_Work instruction_: Set down a word-for-word copy of the data below, limited to the lines from the first through the line with "X161560000Y-67720000D03*".

Collected data:
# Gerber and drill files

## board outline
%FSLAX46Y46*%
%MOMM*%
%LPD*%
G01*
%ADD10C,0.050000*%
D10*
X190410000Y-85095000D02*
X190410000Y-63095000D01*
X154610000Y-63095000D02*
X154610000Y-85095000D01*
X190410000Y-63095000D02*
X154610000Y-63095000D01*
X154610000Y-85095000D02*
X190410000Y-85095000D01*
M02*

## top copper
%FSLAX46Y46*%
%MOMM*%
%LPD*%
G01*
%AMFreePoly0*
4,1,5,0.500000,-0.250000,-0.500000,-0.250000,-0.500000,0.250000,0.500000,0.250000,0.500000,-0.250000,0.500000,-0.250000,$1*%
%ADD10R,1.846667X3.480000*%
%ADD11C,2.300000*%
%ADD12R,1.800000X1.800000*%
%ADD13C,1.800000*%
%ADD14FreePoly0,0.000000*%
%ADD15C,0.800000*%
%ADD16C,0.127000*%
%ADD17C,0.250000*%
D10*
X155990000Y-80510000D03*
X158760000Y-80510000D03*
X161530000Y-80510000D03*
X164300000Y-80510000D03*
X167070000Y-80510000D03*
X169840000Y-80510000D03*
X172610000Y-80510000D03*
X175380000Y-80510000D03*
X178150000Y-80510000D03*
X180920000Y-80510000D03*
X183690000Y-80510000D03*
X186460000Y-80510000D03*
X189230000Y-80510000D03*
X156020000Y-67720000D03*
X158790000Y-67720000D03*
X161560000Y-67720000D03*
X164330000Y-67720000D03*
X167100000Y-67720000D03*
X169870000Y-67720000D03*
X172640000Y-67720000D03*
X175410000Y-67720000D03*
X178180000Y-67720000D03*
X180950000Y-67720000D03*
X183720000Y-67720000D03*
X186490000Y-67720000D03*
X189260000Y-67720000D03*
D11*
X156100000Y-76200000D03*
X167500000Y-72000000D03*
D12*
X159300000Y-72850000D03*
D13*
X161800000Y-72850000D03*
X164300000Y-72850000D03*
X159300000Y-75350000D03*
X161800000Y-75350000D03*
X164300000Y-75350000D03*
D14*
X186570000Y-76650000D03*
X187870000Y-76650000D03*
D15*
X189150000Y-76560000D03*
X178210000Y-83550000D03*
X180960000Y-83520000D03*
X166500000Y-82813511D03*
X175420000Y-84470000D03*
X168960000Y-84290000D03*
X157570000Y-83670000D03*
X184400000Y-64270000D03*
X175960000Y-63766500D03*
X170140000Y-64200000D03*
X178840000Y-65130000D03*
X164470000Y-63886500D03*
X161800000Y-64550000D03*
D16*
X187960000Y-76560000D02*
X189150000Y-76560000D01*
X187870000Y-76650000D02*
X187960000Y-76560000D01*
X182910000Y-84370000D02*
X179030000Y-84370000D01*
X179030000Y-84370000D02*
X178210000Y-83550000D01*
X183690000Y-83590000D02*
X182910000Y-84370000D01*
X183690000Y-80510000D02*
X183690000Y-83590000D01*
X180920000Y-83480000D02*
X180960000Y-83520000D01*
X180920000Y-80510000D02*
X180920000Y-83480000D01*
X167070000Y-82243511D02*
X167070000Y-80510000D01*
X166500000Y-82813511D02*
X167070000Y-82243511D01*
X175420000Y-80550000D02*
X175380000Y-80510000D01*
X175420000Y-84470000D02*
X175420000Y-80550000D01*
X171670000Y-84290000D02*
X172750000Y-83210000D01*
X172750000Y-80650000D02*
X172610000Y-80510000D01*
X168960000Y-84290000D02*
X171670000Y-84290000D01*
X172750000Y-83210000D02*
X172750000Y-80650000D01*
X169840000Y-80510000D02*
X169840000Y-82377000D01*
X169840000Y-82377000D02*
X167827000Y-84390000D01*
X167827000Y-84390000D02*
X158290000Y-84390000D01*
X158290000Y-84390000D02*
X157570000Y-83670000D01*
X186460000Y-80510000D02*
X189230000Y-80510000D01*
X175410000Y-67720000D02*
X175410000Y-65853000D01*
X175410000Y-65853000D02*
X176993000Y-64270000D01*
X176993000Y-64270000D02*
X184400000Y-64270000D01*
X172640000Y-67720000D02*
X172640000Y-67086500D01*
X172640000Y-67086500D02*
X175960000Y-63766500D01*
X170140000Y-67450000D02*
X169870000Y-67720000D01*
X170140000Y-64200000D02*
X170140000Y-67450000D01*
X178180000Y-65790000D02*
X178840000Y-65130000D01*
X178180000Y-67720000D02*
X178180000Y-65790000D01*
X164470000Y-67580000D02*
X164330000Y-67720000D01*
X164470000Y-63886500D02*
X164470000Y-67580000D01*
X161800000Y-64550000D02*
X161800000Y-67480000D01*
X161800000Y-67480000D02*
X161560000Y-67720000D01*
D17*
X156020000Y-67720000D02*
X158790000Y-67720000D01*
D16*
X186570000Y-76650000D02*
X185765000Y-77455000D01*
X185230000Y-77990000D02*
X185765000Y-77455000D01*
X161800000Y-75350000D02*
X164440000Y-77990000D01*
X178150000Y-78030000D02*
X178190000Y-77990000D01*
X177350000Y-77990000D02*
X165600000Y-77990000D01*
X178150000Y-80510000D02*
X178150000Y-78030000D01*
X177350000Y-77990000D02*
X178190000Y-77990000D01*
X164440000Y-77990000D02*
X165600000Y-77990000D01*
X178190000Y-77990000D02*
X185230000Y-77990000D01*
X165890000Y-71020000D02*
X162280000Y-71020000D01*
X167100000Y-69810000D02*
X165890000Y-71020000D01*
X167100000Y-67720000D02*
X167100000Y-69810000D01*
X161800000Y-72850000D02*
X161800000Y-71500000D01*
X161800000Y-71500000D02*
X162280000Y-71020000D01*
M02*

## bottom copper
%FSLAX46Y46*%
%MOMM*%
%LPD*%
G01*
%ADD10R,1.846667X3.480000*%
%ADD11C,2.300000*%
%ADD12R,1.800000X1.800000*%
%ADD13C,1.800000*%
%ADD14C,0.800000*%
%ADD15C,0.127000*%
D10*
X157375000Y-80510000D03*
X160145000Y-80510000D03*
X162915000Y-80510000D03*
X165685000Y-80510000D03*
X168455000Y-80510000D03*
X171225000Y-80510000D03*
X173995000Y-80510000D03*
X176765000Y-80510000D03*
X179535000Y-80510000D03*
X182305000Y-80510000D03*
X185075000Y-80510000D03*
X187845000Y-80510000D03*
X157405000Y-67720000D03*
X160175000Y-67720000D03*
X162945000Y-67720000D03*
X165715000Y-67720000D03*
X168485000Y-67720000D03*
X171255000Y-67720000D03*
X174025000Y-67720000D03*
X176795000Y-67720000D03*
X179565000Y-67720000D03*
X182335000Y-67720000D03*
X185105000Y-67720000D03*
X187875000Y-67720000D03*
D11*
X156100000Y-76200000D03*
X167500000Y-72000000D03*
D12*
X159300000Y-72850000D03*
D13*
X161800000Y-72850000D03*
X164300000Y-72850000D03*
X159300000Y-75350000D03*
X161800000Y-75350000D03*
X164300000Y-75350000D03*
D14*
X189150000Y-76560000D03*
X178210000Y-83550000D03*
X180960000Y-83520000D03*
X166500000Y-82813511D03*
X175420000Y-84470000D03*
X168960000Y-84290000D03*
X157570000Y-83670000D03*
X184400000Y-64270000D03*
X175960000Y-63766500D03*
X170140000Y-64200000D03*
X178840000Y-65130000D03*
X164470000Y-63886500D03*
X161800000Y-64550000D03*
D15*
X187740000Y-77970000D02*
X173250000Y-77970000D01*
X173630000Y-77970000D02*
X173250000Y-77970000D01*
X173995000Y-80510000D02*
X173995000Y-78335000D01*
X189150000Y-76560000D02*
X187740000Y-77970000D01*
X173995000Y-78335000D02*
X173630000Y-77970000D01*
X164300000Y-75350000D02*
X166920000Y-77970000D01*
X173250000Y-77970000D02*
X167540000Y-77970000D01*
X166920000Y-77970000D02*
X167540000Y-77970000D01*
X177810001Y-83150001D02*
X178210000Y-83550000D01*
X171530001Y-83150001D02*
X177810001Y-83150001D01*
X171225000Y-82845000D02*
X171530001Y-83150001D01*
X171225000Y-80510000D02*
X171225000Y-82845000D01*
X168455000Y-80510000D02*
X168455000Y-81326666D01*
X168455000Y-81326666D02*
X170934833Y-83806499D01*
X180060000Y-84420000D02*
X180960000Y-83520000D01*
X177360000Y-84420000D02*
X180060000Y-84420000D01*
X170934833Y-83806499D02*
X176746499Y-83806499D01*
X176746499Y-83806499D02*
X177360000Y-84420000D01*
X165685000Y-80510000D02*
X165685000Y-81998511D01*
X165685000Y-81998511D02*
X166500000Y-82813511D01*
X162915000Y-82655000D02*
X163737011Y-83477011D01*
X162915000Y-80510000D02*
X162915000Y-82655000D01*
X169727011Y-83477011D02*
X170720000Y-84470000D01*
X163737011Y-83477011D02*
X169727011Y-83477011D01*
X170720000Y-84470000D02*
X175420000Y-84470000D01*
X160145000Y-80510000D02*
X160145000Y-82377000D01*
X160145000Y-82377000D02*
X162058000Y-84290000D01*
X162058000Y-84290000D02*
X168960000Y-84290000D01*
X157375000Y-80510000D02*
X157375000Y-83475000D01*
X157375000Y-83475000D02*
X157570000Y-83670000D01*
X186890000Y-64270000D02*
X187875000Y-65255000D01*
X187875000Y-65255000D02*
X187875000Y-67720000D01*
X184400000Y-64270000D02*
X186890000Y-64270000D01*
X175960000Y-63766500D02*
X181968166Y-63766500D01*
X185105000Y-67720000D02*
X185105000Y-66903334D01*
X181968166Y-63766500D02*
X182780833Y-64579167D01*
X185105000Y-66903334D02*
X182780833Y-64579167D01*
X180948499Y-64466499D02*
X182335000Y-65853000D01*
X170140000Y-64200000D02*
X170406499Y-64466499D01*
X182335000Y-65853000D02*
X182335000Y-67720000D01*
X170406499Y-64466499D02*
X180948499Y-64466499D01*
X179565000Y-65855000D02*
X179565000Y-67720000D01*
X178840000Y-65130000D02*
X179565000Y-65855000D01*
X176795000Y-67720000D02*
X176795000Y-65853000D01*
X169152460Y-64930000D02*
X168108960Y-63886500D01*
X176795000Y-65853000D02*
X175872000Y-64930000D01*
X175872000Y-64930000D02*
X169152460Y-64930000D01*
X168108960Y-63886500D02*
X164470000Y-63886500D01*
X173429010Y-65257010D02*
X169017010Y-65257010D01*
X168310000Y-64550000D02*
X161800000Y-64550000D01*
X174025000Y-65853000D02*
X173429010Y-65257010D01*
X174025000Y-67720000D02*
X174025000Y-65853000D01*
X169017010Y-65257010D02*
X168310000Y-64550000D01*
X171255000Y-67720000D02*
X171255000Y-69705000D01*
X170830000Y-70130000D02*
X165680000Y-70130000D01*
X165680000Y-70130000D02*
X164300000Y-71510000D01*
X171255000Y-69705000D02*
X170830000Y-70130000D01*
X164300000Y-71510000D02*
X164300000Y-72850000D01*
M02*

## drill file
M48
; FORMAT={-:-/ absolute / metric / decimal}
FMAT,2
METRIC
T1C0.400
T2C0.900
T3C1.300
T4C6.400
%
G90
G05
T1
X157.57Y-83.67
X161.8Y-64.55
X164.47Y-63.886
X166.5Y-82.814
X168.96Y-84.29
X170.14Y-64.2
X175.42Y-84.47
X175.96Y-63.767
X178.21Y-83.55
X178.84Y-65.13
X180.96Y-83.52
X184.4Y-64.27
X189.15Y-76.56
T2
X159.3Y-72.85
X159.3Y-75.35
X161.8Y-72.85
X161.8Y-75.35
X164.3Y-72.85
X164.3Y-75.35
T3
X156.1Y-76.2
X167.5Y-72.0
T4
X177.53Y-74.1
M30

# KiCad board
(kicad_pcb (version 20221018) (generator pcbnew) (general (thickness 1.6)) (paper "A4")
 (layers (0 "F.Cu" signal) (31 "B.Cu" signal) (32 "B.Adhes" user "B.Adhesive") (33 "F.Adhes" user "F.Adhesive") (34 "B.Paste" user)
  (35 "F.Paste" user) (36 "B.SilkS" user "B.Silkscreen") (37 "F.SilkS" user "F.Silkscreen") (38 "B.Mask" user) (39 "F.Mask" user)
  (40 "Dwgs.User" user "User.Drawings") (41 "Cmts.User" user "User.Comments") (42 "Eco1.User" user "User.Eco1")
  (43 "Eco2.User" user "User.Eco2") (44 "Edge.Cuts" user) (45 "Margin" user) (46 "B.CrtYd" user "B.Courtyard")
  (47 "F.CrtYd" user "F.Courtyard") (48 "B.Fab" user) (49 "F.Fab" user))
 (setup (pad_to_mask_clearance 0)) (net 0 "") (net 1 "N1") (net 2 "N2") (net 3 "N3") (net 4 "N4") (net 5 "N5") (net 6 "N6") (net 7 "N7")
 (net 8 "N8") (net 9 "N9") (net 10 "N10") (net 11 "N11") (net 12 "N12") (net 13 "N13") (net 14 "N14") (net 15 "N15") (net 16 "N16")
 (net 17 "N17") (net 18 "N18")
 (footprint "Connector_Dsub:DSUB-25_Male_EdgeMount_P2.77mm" (layer "F.Cu") (at 172.61 80.51)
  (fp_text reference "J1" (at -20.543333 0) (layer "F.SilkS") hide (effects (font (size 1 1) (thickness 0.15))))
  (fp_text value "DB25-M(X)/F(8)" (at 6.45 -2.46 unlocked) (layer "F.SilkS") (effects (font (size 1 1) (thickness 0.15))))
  (pad "1" smd rect (at -16.62 0) (size 1.846667 3.48) (layers "F.Cu" "F.Paste" "F.Mask"))
  (pad "2" smd rect (at -13.85 0) (size 1.846667 3.48) (layers "F.Cu" "F.Paste" "F.Mask"))
  (pad "3" smd rect (at -11.08 0) (size 1.846667 3.48) (layers "F.Cu" "F.Paste" "F.Mask"))
  (pad "4" smd rect (at -8.31 0) (size 1.846667 3.48) (layers "F.Cu" "F.Paste" "F.Mask"))
  (pad "5" smd rect (at -5.54 0) (size 1.846667 3.48) (layers "F.Cu" "F.Paste" "F.Mask") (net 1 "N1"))
  (pad "6" smd rect (at -2.77 0) (size 1.846667 3.48) (layers "F.Cu" "F.Paste" "F.Mask") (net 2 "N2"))
  (pad "7" smd rect (at 0 0) (size 1.846667 3.48) (layers "F.Cu" "F.Paste" "F.Mask") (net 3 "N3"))
  (pad "8" smd rect (at 2.77 0) (size 1.846667 3.48) (layers "F.Cu" "F.Paste" "F.Mask") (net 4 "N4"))
  (pad "9" smd rect (at 5.54 0) (size 1.846667 3.48) (layers "F.Cu" "F.Paste" "F.Mask") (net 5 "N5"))
  (pad "10" smd rect (at 8.31 0) (size 1.846667 3.48) (layers "F.Cu" "F.Paste" "F.Mask") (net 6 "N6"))
  (pad "11" smd rect (at 11.08 0) (size 1.846667 3.48) (layers "F.Cu" "F.Paste" "F.Mask") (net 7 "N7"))
  (pad "12" smd rect (at 13.85 0) (size 1.846667 3.48) (layers "F.Cu" "F.Paste" "F.Mask") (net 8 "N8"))
  (pad "13" smd rect (at 16.62 0) (size 1.846667 3.48) (layers "F.Cu" "F.Paste" "F.Mask") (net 8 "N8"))
  (pad "14" smd rect (at -15.235 0) (size 1.846667 3.48) (layers "B.Cu" "B.Paste" "B.Mask") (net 2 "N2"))
  (pad "15" smd rect (at -12.465 0) (size 1.846667 3.48) (layers "B.Cu" "B.Paste" "B.Mask") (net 3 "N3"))
  (pad "16" smd rect (at -9.695 0) (size 1.846667 3.48) (layers "B.Cu" "B.Paste" "B.Mask") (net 4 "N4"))
  (pad "17" smd rect (at -6.925 0) (size 1.846667 3.48) (layers "B.Cu" "B.Paste" "B.Mask") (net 1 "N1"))
  (pad "18" smd rect (at -4.155 0) (size 1.846667 3.48) (layers "B.Cu" "B.Paste" "B.Mask") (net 6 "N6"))
  (pad "19" smd rect (at -1.385 0) (size 1.846667 3.48) (layers "B.Cu" "B.Paste" "B.Mask") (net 7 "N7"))
  (pad "20" smd rect (at 1.385 0) (size 1.846667 3.48) (layers "B.Cu" "B.Paste" "B.Mask") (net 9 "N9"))
  (pad "21" smd rect (at 4.155 0) (size 1.846667 3.48) (layers "B.Cu" "B.Paste" "B.Mask"))
  (pad "22" smd rect (at 6.925 0) (size 1.846667 3.48) (layers "B.Cu" "B.Paste" "B.Mask"))
  (pad "23" smd rect (at 9.695 0) (size 1.846667 3.48) (layers "B.Cu" "B.Paste" "B.Mask"))
  (pad "24" smd rect (at 12.465 0) (size 1.846667 3.48) (layers "B.Cu" "B.Paste" "B.Mask"))
  (pad "25" smd rect (at 15.235 0) (size 1.846667 3.48) (layers "B.Cu" "B.Paste" "B.Mask")))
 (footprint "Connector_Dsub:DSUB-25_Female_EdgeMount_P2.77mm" (layer "F.Cu") (at 172.64 67.72 180)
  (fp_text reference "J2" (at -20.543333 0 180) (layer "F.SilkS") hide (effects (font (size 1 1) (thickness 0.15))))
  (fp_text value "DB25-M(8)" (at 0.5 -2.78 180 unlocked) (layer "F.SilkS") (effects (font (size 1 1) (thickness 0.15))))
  (pad "1" smd rect (at 16.62 0 180) (size 1.846667 3.48) (layers "F.Cu" "F.Paste" "F.Mask") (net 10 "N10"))
  (pad "2" smd rect (at 13.85 0 180) (size 1.846667 3.48) (layers "F.Cu" "F.Paste" "F.Mask") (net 10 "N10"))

_Result of this exercise_:
# Gerber and drill files

## board outline
%FSLAX46Y46*%
%MOMM*%
%LPD*%
G01*
%ADD10C,0.050000*%
D10*
X190410000Y-85095000D02*
X190410000Y-63095000D01*
X154610000Y-63095000D02*
X154610000Y-85095000D01*
X190410000Y-63095000D02*
X154610000Y-63095000D01*
X154610000Y-85095000D02*
X190410000Y-85095000D01*
M02*

## top copper
%FSLAX46Y46*%
%MOMM*%
%LPD*%
G01*
%AMFreePoly0*
4,1,5,0.500000,-0.250000,-0.500000,-0.250000,-0.500000,0.250000,0.500000,0.250000,0.500000,-0.250000,0.500000,-0.250000,$1*%
%ADD10R,1.846667X3.480000*%
%ADD11C,2.300000*%
%ADD12R,1.800000X1.800000*%
%ADD13C,1.800000*%
%ADD14FreePoly0,0.000000*%
%ADD15C,0.800000*%
%ADD16C,0.127000*%
%ADD17C,0.250000*%
D10*
X155990000Y-80510000D03*
X158760000Y-80510000D03*
X161530000Y-80510000D03*
X164300000Y-80510000D03*
X167070000Y-80510000D03*
X169840000Y-80510000D03*
X172610000Y-80510000D03*
X175380000Y-80510000D03*
X178150000Y-80510000D03*
X180920000Y-80510000D03*
X183690000Y-80510000D03*
X186460000Y-80510000D03*
X189230000Y-80510000D03*
X156020000Y-67720000D03*
X158790000Y-67720000D03*
X161560000Y-67720000D03*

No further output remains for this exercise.